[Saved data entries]
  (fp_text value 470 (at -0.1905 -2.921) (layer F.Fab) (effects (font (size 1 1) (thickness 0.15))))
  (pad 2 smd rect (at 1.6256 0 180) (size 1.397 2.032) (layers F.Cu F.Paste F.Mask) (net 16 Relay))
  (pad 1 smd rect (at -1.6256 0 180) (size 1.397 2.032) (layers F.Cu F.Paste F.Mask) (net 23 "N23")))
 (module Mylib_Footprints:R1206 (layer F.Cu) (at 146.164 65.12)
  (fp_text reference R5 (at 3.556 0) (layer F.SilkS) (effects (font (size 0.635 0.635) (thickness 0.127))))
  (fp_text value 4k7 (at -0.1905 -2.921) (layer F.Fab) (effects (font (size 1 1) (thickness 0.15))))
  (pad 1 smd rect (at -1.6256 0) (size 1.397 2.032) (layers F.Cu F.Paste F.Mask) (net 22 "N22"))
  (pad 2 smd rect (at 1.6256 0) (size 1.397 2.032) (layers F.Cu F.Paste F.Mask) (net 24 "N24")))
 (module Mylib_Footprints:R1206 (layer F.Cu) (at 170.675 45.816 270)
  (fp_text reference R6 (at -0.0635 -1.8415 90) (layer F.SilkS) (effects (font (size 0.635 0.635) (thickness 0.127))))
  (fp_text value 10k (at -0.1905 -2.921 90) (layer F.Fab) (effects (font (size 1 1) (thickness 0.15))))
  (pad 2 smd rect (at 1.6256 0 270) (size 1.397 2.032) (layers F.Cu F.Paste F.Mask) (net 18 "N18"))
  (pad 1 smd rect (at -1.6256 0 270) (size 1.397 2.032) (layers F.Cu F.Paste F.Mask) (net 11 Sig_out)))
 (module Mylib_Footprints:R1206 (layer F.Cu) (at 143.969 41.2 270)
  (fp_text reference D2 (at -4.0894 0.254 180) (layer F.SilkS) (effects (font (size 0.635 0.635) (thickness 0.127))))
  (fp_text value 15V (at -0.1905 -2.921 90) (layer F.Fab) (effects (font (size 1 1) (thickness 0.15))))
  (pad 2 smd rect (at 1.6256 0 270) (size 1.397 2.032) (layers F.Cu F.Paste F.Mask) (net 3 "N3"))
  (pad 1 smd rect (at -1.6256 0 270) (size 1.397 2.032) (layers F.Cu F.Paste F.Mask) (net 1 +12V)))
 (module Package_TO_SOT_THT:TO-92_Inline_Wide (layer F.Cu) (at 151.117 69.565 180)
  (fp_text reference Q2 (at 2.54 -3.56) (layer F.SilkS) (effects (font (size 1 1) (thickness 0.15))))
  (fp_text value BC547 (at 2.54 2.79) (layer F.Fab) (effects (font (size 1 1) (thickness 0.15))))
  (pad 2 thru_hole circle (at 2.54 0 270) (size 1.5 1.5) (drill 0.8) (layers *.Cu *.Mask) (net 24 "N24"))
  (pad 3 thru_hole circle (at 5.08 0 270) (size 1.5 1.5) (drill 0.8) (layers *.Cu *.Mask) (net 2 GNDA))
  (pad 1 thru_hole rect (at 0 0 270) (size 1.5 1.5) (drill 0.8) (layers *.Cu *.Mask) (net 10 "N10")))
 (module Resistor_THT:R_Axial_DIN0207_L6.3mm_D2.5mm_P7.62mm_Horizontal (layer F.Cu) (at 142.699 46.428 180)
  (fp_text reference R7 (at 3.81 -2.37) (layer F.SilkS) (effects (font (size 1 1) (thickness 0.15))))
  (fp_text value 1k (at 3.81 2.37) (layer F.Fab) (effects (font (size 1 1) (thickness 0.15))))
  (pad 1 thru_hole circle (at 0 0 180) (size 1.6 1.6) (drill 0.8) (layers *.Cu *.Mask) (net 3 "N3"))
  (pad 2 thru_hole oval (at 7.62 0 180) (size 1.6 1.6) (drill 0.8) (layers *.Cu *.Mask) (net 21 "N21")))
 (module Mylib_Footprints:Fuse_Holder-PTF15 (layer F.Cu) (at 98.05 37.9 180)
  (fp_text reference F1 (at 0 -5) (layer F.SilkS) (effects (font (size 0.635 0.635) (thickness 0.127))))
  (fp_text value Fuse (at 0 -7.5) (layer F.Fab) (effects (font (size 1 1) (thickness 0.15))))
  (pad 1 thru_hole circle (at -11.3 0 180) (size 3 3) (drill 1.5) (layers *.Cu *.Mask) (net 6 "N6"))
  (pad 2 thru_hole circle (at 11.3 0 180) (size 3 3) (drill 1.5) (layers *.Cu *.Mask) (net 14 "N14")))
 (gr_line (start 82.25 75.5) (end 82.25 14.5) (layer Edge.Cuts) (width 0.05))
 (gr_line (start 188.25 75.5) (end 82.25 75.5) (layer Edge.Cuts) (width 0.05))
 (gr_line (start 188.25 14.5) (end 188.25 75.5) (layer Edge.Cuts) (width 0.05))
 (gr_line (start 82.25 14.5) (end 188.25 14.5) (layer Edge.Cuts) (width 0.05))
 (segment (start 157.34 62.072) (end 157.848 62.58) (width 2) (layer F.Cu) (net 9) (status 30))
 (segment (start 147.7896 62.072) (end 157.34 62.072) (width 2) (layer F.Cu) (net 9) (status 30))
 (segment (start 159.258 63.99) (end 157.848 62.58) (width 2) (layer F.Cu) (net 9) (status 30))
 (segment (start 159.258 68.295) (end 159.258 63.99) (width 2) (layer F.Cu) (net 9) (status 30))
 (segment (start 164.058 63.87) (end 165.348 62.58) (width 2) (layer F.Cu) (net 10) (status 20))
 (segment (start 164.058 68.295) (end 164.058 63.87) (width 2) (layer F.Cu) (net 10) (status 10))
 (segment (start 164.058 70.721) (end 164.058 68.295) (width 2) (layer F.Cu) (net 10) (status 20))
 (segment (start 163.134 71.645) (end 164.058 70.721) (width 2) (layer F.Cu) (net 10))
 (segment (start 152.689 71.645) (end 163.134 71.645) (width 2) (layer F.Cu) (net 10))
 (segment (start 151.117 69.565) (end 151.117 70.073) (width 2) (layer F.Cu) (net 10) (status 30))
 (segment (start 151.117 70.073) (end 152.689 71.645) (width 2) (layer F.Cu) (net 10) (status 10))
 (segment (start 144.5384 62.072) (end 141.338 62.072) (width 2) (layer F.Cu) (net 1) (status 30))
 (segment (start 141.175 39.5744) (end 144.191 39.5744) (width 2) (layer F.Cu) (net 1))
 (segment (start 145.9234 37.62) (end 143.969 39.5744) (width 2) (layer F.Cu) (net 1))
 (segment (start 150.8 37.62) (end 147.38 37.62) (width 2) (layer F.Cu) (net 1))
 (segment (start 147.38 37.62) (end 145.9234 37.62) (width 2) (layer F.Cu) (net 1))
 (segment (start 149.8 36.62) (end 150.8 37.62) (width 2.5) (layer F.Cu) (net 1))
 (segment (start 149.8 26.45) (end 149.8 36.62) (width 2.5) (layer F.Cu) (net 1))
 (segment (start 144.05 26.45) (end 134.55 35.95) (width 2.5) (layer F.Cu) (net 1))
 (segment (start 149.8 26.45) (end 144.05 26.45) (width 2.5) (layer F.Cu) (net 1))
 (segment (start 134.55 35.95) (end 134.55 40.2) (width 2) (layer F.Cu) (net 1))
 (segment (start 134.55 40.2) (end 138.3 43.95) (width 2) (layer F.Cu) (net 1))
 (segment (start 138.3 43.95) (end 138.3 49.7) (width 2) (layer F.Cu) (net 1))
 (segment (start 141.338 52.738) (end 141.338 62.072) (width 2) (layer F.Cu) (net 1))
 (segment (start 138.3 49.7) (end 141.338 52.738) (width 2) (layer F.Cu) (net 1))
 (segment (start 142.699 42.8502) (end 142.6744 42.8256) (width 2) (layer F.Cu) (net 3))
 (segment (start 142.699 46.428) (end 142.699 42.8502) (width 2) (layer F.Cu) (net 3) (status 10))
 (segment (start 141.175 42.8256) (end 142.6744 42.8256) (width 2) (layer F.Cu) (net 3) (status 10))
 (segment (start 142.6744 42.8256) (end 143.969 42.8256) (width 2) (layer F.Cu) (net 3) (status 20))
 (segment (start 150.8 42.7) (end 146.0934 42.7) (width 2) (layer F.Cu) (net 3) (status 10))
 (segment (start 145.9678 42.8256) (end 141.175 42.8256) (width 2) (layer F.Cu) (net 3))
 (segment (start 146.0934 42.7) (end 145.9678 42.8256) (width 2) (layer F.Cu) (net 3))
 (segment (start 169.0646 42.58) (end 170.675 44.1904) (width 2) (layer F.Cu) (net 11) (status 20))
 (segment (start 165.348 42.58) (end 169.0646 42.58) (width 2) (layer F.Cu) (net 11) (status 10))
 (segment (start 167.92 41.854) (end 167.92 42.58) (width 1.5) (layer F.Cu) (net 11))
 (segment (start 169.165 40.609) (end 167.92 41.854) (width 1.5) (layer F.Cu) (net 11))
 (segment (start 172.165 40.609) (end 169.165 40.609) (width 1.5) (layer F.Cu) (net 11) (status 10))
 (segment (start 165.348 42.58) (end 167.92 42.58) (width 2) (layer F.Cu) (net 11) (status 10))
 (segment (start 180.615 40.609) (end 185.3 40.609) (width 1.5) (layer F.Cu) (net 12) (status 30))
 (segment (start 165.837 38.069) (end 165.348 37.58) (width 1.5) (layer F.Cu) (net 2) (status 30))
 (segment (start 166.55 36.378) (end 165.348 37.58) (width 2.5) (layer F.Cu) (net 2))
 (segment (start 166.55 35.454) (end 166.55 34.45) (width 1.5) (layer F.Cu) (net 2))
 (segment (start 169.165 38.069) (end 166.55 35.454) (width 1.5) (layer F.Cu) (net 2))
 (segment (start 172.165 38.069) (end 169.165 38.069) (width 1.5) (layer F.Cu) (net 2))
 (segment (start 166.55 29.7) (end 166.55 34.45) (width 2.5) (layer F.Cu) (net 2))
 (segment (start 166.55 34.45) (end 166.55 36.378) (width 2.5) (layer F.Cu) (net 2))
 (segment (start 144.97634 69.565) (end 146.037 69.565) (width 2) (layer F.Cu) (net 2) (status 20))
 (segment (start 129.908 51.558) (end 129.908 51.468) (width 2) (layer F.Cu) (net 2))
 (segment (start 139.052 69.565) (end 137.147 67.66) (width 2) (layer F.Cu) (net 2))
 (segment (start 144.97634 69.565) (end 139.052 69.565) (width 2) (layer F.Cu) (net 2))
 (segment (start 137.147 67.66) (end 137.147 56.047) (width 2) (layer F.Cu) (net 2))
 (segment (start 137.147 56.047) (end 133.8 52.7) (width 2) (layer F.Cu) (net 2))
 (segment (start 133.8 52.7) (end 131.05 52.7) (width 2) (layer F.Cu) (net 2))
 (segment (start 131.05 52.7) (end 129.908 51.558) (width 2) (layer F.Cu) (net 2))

▸ Problem to work on:
Check every line of the records, and copy the ones that hold the word "Edge".

▸ Answer space:
 (gr_line (start 82.25 75.5) (end 82.25 14.5) (layer Edge.Cuts) (width 0.05))
 (gr_line (start 188.25 75.5) (end 82.25 75.5) (layer Edge.Cuts) (width 0.05))
 (gr_line (start 188.25 14.5) (end 188.25 75.5) (layer Edge.Cuts) (width 0.05))
 (gr_line (start 82.25 14.5) (end 188.25 14.5) (layer Edge.Cuts) (width 0.05))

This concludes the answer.